*TASK STATEMENT*. The stretch wanted below opens at the line containing "X196555000Y-67377500D01*" and closes at the line containing "X192024000Y-106926000D01*". Please return it exactly, with no other lines.

*TASK MATERIAL*.

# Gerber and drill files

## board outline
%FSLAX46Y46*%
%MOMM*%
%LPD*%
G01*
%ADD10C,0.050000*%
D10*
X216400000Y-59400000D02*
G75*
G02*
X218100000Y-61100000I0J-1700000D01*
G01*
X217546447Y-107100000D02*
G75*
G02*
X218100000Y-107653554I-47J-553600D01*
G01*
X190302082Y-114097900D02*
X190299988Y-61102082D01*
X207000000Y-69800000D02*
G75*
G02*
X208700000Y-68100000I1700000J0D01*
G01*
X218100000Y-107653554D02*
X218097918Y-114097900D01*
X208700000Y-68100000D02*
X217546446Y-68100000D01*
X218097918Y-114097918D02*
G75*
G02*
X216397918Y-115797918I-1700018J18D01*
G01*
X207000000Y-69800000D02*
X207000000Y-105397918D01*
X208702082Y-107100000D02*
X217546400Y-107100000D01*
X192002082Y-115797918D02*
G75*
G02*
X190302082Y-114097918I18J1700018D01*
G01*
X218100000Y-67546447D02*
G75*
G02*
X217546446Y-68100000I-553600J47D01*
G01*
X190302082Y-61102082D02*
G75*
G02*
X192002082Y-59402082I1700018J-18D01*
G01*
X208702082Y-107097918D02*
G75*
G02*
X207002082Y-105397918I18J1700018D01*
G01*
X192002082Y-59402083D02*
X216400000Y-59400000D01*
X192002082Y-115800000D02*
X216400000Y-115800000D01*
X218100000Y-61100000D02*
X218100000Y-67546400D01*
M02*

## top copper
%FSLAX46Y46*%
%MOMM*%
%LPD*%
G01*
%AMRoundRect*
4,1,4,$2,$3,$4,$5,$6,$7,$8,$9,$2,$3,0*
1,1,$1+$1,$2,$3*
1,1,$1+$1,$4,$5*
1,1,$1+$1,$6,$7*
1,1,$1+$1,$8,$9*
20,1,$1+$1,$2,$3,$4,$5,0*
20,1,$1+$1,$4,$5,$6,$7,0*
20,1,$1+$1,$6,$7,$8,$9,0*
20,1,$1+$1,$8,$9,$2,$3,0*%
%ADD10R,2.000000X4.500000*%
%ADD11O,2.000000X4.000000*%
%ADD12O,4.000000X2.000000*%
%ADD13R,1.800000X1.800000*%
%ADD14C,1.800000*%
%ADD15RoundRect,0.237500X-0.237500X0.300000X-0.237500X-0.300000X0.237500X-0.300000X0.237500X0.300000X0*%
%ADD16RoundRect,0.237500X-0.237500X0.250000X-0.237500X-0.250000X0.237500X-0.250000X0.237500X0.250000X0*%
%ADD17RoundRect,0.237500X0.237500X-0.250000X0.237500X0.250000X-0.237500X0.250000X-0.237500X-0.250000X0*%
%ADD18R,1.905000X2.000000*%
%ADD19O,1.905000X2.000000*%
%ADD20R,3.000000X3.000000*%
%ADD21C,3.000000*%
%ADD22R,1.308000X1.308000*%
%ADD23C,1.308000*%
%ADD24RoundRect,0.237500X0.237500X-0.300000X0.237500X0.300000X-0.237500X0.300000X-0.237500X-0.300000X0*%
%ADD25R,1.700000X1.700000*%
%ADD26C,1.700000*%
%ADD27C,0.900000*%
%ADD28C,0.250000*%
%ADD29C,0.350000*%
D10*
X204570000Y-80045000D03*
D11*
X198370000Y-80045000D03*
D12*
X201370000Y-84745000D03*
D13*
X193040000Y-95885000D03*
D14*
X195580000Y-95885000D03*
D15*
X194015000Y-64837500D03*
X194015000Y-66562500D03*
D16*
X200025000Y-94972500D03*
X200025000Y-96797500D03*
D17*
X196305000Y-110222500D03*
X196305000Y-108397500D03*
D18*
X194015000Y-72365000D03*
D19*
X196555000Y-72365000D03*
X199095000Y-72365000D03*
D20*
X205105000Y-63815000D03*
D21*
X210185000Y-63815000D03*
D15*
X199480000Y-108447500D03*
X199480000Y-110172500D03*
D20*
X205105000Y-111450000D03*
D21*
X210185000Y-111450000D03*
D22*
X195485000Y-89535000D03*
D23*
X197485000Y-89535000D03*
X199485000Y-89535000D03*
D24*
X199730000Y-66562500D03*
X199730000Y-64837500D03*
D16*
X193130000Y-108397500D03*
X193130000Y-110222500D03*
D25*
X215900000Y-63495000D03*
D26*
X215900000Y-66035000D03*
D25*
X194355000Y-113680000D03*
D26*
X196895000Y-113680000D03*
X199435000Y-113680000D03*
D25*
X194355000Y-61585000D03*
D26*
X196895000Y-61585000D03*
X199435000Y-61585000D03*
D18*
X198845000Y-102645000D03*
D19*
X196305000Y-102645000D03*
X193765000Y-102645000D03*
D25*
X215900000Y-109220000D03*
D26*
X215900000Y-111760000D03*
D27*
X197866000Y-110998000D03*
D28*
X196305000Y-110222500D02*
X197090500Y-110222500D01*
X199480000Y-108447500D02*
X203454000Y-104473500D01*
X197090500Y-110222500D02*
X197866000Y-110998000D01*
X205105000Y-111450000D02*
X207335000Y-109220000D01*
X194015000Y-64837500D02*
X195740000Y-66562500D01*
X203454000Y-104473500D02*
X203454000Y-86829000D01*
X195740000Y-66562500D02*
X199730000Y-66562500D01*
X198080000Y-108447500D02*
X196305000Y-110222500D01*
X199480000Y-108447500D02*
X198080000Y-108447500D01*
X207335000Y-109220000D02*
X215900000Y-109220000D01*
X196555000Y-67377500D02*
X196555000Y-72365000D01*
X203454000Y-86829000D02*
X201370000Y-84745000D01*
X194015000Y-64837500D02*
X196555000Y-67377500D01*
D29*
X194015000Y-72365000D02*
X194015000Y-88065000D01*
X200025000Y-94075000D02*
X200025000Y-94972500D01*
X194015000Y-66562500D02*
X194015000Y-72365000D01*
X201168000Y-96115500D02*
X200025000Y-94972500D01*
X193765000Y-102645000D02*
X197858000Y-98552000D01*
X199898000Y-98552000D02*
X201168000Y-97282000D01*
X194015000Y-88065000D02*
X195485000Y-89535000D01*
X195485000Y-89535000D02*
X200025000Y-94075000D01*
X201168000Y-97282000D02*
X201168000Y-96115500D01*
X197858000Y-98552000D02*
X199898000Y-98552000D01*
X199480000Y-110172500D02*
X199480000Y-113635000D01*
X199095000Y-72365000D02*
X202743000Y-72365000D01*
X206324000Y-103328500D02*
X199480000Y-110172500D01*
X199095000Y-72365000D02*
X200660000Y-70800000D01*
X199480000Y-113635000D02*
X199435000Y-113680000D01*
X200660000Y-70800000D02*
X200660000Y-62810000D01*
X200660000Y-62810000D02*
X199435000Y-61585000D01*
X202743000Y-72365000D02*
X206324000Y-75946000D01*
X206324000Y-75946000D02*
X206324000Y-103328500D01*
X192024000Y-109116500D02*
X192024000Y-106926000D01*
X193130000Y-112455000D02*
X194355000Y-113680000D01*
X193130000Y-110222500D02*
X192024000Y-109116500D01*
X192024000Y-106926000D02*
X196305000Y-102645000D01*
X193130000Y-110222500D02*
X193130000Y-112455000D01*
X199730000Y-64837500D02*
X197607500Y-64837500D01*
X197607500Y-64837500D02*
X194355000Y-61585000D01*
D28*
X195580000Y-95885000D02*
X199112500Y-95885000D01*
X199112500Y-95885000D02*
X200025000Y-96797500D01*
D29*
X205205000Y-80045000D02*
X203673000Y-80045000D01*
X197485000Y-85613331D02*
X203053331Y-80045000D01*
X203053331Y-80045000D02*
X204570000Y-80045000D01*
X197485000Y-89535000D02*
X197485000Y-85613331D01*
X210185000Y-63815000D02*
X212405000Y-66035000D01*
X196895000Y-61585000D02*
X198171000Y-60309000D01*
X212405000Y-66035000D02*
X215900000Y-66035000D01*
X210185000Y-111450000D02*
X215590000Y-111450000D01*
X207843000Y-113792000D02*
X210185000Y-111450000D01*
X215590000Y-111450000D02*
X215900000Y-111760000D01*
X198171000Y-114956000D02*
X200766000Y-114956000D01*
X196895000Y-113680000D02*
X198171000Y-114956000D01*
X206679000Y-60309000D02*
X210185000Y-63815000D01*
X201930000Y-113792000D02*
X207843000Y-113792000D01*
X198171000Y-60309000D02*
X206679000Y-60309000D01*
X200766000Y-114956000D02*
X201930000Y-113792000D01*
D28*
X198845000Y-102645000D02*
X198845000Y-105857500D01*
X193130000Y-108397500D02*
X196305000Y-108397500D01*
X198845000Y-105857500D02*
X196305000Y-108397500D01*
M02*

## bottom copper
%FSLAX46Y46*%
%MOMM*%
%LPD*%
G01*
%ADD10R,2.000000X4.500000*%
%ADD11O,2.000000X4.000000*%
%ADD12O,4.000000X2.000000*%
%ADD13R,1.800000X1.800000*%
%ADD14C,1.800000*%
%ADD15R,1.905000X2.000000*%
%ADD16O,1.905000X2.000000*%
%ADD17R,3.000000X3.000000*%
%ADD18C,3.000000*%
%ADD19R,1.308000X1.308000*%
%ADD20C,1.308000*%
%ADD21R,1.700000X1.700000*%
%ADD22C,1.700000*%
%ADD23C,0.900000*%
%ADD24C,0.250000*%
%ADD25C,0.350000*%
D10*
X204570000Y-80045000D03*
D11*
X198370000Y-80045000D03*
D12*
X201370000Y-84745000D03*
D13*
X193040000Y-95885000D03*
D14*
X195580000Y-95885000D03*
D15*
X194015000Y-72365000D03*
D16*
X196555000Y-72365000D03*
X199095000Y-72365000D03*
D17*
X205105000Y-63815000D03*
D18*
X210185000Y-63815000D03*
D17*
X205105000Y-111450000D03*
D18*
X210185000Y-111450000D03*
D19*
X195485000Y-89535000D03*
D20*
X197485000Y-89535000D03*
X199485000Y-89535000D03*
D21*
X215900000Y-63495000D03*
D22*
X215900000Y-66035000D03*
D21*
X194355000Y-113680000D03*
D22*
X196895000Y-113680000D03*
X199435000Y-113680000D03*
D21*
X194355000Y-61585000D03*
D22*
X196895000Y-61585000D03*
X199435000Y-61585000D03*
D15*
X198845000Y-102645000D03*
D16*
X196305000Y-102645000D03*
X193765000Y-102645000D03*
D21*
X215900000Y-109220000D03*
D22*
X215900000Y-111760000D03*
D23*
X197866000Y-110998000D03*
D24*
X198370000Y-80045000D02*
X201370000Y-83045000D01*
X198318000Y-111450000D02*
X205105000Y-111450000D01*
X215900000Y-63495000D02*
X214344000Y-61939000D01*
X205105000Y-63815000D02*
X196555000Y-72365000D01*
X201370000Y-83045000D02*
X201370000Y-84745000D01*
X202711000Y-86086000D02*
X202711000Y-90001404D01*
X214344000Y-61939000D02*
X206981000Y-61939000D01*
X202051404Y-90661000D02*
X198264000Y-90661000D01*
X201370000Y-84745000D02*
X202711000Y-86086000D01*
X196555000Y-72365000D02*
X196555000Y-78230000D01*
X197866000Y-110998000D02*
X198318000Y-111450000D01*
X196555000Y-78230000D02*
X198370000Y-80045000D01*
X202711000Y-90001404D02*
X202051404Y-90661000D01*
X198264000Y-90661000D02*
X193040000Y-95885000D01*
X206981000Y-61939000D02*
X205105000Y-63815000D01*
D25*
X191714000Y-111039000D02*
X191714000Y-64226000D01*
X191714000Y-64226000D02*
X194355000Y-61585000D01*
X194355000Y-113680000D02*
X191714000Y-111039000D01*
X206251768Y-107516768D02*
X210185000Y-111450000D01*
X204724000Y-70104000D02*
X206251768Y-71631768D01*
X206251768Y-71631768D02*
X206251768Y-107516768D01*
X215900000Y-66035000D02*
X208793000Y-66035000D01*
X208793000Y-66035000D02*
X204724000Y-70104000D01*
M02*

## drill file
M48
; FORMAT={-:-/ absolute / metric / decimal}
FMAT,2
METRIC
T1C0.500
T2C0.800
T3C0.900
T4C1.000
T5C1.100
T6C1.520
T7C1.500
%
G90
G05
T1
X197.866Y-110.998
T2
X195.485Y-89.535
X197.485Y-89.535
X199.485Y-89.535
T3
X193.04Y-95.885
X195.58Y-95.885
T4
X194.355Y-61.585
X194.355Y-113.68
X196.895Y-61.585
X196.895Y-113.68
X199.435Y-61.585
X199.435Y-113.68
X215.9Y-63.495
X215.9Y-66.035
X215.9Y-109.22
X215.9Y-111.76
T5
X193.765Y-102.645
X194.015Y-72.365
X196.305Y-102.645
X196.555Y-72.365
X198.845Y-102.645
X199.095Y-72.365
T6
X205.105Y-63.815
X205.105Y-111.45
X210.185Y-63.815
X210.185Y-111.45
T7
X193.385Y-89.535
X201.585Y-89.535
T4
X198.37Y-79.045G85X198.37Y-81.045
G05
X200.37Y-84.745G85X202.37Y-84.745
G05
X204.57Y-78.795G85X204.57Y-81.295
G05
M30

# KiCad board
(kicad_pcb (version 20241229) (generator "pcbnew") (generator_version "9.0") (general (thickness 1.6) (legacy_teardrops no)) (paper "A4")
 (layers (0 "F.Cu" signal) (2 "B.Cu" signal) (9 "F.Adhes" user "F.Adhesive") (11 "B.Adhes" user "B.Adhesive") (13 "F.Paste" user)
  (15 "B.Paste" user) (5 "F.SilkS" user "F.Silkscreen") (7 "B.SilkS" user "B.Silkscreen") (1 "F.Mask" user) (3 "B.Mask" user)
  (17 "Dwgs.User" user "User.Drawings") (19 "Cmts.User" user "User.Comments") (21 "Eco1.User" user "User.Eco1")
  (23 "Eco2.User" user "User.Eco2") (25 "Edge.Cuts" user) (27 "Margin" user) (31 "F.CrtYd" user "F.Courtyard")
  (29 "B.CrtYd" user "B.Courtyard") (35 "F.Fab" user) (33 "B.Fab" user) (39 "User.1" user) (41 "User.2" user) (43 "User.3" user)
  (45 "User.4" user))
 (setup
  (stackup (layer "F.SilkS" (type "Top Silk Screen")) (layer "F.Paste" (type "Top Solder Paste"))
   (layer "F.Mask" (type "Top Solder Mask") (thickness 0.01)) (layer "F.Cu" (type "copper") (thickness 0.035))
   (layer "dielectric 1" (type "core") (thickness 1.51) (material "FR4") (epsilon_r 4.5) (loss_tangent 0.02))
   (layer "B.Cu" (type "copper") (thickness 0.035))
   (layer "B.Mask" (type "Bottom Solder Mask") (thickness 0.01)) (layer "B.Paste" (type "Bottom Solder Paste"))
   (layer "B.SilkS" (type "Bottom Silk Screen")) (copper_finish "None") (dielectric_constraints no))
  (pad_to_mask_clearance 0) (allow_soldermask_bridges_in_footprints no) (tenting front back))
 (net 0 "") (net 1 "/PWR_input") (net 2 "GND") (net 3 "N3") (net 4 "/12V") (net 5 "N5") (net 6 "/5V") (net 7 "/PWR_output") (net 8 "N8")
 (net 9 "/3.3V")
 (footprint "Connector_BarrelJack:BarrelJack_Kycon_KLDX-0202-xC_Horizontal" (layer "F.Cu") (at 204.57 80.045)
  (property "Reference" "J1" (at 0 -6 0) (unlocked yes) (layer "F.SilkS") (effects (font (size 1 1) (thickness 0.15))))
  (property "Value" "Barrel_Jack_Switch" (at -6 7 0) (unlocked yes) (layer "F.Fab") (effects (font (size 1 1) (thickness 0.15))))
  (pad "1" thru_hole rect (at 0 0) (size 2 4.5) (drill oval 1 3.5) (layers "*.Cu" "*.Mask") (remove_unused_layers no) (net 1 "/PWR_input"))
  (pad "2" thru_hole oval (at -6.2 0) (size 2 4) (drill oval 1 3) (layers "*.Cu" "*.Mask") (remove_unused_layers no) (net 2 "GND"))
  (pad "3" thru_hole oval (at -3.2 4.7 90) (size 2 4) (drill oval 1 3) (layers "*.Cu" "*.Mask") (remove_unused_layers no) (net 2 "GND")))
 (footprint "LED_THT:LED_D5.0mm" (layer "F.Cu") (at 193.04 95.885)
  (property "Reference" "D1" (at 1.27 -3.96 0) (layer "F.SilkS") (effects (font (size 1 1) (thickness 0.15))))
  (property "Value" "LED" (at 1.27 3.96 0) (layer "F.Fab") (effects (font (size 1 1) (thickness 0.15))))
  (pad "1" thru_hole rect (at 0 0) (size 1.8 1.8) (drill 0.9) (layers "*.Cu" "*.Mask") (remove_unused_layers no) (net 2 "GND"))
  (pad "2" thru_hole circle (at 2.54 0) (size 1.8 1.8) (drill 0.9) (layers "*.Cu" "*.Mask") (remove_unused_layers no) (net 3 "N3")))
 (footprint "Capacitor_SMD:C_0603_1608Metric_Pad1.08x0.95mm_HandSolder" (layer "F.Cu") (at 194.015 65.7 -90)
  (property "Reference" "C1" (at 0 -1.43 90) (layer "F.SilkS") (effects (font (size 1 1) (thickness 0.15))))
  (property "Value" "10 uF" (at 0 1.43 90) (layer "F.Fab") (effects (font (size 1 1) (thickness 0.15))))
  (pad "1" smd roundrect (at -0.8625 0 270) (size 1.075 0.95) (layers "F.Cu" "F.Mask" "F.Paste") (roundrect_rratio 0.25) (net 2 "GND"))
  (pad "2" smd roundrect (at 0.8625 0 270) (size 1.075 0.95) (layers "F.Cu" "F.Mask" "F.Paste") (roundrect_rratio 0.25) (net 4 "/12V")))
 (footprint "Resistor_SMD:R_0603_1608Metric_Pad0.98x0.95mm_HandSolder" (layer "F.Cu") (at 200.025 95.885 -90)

*YOUR SOLUTION*.
X196555000Y-67377500D01*
D29*
X194015000Y-72365000D02*
X194015000Y-88065000D01*
X200025000Y-94075000D02*
X200025000Y-94972500D01*
X194015000Y-66562500D02*
X194015000Y-72365000D01*
X201168000Y-96115500D02*
X200025000Y-94972500D01*
X193765000Y-102645000D02*
X197858000Y-98552000D01*
X199898000Y-98552000D02*
X201168000Y-97282000D01*
X194015000Y-88065000D02*
X195485000Y-89535000D01*
X195485000Y-89535000D02*
X200025000Y-94075000D01*
X201168000Y-97282000D02*
X201168000Y-96115500D01*
X197858000Y-98552000D02*
X199898000Y-98552000D01*
X199480000Y-110172500D02*
X199480000Y-113635000D01*
X199095000Y-72365000D02*
X202743000Y-72365000D01*
X206324000Y-103328500D02*
X199480000Y-110172500D01*
X199095000Y-72365000D02*
X200660000Y-70800000D01*
X199480000Y-113635000D02*
X199435000Y-113680000D01*
X200660000Y-70800000D02*
X200660000Y-62810000D01*
X200660000Y-62810000D02*
X199435000Y-61585000D01*
X202743000Y-72365000D02*
X206324000Y-75946000D01*
X206324000Y-75946000D02*
X206324000Y-103328500D01*
X192024000Y-109116500D02*
X192024000Y-106926000D01*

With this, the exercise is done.